Records for the task section start
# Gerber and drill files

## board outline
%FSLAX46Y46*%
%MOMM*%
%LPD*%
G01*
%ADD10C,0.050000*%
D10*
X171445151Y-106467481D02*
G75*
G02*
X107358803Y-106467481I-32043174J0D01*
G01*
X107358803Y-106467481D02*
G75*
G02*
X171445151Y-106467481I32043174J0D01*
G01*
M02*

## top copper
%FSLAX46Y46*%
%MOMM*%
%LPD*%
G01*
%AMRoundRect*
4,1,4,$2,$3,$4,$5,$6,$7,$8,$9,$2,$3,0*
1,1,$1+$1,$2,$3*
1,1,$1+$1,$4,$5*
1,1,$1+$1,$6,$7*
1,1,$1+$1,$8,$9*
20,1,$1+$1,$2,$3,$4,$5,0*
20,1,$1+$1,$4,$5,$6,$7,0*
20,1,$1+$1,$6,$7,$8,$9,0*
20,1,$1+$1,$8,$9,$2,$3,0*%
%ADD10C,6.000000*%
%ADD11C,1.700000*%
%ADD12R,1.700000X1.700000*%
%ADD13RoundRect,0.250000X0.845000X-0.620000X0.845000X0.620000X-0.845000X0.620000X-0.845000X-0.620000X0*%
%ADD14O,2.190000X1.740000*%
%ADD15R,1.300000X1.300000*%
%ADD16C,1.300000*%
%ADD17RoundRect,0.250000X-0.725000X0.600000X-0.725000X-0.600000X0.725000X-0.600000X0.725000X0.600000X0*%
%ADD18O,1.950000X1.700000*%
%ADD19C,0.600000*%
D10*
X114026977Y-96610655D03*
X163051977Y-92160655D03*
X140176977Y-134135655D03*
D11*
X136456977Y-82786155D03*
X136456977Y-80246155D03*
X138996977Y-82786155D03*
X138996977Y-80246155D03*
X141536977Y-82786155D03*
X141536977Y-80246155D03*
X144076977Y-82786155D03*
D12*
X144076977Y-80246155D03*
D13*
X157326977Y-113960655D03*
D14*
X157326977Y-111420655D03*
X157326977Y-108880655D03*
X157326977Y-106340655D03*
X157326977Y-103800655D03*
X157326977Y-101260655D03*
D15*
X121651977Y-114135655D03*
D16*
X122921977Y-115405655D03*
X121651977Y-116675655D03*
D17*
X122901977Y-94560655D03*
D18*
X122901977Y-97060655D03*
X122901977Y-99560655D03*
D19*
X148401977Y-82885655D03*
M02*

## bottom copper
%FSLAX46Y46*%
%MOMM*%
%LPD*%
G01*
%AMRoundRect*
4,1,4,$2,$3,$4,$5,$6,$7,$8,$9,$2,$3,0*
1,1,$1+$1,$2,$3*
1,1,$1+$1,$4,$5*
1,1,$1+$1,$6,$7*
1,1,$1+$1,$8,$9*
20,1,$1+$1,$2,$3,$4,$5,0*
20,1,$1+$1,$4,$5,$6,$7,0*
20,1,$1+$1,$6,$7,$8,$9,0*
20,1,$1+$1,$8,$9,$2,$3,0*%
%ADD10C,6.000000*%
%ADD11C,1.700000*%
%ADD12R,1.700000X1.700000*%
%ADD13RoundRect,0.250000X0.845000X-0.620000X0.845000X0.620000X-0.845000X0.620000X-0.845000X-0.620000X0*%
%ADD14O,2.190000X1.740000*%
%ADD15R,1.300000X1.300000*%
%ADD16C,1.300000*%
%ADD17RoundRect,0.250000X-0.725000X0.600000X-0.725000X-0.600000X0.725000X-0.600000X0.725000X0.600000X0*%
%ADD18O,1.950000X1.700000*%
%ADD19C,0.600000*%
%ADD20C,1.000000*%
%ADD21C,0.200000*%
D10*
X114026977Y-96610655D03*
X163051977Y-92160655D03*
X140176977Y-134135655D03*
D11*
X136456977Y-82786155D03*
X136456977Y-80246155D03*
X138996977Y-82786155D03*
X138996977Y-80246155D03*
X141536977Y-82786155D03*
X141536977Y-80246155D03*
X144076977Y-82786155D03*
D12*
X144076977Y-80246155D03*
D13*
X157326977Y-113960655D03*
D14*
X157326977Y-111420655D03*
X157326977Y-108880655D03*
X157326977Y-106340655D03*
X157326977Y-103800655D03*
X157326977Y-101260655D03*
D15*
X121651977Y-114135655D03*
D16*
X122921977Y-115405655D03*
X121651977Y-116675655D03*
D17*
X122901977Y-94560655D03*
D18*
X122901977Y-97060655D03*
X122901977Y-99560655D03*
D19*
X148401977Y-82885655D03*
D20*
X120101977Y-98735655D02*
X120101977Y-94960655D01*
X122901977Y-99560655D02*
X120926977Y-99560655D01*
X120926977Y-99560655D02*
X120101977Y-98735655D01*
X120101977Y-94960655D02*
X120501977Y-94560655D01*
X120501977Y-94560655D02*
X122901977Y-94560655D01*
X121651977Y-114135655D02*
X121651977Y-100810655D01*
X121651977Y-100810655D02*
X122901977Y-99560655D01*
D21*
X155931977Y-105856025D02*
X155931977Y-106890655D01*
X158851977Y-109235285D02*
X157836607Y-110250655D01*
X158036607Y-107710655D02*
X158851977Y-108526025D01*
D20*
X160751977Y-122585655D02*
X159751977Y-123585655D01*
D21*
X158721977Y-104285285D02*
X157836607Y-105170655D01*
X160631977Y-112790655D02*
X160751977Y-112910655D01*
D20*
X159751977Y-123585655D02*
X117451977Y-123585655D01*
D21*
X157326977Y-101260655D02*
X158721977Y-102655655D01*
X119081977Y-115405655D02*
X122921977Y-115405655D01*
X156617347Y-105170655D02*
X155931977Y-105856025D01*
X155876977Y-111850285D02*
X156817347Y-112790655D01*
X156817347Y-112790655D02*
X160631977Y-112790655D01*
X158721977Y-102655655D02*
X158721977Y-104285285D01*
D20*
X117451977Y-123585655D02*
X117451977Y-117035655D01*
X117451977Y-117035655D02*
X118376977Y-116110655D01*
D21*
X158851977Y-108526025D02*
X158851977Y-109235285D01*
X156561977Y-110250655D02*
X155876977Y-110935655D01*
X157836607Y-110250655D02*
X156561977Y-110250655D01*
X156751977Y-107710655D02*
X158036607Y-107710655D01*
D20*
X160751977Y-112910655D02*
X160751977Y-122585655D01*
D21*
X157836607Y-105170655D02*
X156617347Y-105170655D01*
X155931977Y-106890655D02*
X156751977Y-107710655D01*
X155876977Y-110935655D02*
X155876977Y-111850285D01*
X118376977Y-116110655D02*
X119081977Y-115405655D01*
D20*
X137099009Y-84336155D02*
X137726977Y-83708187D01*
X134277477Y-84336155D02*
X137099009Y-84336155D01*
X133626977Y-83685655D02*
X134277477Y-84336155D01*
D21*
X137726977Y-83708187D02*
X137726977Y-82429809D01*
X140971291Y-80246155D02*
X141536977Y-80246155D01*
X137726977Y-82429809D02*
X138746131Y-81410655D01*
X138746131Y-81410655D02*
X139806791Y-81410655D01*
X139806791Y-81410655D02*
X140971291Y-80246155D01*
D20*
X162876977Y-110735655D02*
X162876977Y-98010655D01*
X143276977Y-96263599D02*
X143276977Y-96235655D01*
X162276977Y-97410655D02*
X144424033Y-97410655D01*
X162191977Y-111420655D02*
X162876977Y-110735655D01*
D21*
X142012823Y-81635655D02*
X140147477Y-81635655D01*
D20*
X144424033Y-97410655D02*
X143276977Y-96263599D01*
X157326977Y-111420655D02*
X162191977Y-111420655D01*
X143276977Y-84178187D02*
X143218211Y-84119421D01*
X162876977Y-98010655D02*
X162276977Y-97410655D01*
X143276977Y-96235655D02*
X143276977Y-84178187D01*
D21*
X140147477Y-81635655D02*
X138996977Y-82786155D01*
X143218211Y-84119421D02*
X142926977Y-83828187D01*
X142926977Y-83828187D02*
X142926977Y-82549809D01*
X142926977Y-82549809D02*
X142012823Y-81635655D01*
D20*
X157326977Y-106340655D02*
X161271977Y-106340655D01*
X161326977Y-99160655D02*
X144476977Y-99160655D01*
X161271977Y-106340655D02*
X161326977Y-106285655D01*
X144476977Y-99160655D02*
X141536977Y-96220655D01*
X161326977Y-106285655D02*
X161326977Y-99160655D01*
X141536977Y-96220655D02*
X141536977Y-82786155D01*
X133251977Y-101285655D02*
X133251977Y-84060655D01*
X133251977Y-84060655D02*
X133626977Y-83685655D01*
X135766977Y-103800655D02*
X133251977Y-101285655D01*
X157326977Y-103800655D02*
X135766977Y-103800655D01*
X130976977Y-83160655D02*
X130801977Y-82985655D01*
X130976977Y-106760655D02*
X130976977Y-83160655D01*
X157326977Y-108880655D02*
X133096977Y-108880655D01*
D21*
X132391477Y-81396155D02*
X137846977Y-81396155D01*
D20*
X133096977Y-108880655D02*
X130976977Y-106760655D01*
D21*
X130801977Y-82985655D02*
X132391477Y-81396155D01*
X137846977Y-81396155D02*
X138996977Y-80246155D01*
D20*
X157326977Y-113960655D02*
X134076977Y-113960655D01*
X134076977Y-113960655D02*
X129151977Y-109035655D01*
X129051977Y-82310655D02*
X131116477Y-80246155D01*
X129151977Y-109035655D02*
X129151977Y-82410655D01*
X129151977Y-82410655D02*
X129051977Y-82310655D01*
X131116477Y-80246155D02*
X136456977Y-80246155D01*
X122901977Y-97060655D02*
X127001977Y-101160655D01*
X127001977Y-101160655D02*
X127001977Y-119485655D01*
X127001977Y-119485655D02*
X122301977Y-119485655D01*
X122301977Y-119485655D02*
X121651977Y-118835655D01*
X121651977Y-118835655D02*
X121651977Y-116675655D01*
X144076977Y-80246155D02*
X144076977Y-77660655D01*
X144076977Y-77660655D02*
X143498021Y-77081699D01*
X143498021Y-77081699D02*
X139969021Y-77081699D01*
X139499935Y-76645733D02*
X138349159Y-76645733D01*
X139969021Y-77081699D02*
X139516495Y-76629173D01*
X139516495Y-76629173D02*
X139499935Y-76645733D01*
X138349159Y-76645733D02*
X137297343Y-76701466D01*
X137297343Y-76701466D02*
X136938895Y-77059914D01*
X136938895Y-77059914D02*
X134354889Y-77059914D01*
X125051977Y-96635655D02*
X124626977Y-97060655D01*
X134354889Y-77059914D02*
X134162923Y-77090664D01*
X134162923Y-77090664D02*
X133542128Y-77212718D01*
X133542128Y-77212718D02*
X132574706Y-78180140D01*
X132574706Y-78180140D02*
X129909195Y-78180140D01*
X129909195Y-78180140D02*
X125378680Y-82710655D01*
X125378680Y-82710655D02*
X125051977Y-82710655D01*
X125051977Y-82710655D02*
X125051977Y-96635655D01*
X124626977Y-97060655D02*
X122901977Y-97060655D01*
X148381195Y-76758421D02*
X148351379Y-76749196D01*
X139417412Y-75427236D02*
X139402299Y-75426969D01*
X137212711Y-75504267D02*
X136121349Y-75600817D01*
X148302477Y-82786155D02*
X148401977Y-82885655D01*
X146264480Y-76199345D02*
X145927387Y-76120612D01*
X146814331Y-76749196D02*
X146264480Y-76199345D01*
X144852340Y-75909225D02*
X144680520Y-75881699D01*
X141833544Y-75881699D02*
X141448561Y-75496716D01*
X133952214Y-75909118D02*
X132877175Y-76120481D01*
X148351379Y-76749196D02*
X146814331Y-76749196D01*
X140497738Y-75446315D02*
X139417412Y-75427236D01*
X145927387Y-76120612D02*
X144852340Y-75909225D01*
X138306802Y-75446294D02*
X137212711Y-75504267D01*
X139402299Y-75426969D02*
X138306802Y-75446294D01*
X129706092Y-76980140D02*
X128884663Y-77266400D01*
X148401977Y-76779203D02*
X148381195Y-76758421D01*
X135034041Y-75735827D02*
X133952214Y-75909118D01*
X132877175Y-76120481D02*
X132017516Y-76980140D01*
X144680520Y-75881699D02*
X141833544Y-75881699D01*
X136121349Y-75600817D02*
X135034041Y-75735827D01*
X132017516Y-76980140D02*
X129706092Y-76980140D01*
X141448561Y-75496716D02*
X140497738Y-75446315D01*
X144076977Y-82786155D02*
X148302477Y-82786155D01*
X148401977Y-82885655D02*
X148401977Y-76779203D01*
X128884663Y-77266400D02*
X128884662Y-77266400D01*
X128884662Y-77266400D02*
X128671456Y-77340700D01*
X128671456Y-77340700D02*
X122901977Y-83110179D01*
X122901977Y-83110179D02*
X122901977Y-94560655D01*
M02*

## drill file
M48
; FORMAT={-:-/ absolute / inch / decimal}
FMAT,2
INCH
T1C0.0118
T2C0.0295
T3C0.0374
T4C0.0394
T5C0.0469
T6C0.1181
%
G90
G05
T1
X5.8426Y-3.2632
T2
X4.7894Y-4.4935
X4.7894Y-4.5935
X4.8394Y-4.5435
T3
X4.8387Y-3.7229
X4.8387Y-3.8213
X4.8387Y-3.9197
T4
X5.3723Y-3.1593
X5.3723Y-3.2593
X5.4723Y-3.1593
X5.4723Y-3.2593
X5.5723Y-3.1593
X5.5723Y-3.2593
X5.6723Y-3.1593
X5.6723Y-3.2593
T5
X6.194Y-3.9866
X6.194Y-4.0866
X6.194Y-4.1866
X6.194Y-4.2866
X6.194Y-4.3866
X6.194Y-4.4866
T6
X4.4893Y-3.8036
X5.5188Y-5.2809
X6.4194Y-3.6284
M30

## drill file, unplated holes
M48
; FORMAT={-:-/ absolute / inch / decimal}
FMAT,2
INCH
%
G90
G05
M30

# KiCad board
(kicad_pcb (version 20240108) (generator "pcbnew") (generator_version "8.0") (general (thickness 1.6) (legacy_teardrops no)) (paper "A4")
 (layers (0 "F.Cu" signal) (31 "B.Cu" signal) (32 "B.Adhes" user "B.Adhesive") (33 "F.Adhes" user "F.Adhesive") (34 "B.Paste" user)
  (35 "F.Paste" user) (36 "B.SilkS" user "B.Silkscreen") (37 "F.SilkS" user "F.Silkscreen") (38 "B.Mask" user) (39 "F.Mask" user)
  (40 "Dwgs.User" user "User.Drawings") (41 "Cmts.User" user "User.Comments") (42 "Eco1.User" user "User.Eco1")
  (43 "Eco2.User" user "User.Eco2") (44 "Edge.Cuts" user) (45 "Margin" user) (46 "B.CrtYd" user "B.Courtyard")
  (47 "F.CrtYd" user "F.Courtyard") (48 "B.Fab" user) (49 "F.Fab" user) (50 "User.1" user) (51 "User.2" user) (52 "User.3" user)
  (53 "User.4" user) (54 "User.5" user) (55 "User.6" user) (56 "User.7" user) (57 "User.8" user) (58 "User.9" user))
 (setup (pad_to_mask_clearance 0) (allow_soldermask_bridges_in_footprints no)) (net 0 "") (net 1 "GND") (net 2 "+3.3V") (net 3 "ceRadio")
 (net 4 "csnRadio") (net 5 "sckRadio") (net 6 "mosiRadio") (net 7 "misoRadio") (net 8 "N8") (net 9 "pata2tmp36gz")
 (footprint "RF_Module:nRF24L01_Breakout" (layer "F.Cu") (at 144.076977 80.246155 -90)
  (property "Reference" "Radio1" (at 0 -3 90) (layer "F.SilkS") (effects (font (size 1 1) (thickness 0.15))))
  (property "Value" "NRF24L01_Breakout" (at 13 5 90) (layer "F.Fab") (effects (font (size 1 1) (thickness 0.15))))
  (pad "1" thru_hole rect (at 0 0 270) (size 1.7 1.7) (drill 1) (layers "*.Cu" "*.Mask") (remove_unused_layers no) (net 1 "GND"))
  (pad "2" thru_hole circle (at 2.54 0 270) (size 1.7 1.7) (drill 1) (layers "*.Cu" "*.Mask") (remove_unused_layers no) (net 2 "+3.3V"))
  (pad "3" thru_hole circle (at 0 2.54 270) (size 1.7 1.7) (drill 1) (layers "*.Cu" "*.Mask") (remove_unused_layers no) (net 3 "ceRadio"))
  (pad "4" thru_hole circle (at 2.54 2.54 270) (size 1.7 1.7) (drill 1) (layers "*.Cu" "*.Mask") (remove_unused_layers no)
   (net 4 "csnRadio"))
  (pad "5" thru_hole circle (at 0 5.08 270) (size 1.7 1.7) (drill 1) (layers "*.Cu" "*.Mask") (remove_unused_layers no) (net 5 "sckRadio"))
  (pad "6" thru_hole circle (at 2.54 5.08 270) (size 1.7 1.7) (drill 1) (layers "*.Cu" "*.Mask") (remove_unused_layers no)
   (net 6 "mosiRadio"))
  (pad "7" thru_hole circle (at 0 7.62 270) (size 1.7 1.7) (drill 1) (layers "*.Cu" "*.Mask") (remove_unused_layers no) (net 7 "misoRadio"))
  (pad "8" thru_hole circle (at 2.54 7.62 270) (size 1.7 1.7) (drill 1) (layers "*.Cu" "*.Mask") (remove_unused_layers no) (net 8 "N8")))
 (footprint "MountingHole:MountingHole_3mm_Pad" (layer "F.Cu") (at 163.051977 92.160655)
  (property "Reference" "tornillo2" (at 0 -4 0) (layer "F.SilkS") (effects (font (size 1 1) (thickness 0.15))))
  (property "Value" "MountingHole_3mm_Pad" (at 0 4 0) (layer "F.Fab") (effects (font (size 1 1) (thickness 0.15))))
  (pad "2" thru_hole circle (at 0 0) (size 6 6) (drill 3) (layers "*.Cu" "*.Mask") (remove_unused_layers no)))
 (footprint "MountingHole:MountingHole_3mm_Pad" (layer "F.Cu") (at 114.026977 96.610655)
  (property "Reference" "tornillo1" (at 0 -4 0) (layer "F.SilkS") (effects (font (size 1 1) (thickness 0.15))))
Records for the task section end
◆ **Problem to work on**
Give back, exactly as written, the stretch from the line with "X140497738Y-75446315D01*" through the line with "(kicad_pcb (version 20240108)", and no other lines from the records above.

◆ **Expected answer**
X140497738Y-75446315D01*
X144076977Y-82786155D02*
X148302477Y-82786155D01*
X148401977Y-82885655D02*
X148401977Y-76779203D01*
X128884663Y-77266400D02*
X128884662Y-77266400D01*
X128884662Y-77266400D02*
X128671456Y-77340700D01*
X128671456Y-77340700D02*
X122901977Y-83110179D01*
X122901977Y-83110179D02*
X122901977Y-94560655D01*
M02*

## drill file
M48
; FORMAT={-:-/ absolute / inch / decimal}
FMAT,2
INCH
T1C0.0118
T2C0.0295
T3C0.0374
T4C0.0394
T5C0.0469
T6C0.1181
%
G90
G05
T1
X5.8426Y-3.2632
T2
X4.7894Y-4.4935
X4.7894Y-4.5935
X4.8394Y-4.5435
T3
X4.8387Y-3.7229
X4.8387Y-3.8213
X4.8387Y-3.9197
T4
X5.3723Y-3.1593
X5.3723Y-3.2593
X5.4723Y-3.1593
X5.4723Y-3.2593
X5.5723Y-3.1593
X5.5723Y-3.2593
X5.6723Y-3.1593
X5.6723Y-3.2593
T5
X6.194Y-3.9866
X6.194Y-4.0866
X6.194Y-4.1866
X6.194Y-4.2866
X6.194Y-4.3866
X6.194Y-4.4866
T6
X4.4893Y-3.8036
X5.5188Y-5.2809
X6.4194Y-3.6284
M30

## drill file, unplated holes
M48
; FORMAT={-:-/ absolute / inch / decimal}
FMAT,2
INCH
%
G90
G05
M30

# KiCad board
(kicad_pcb (version 20240108) (generator "pcbnew") (generator_version "8.0") (general (thickness 1.6) (legacy_teardrops no)) (paper "A4")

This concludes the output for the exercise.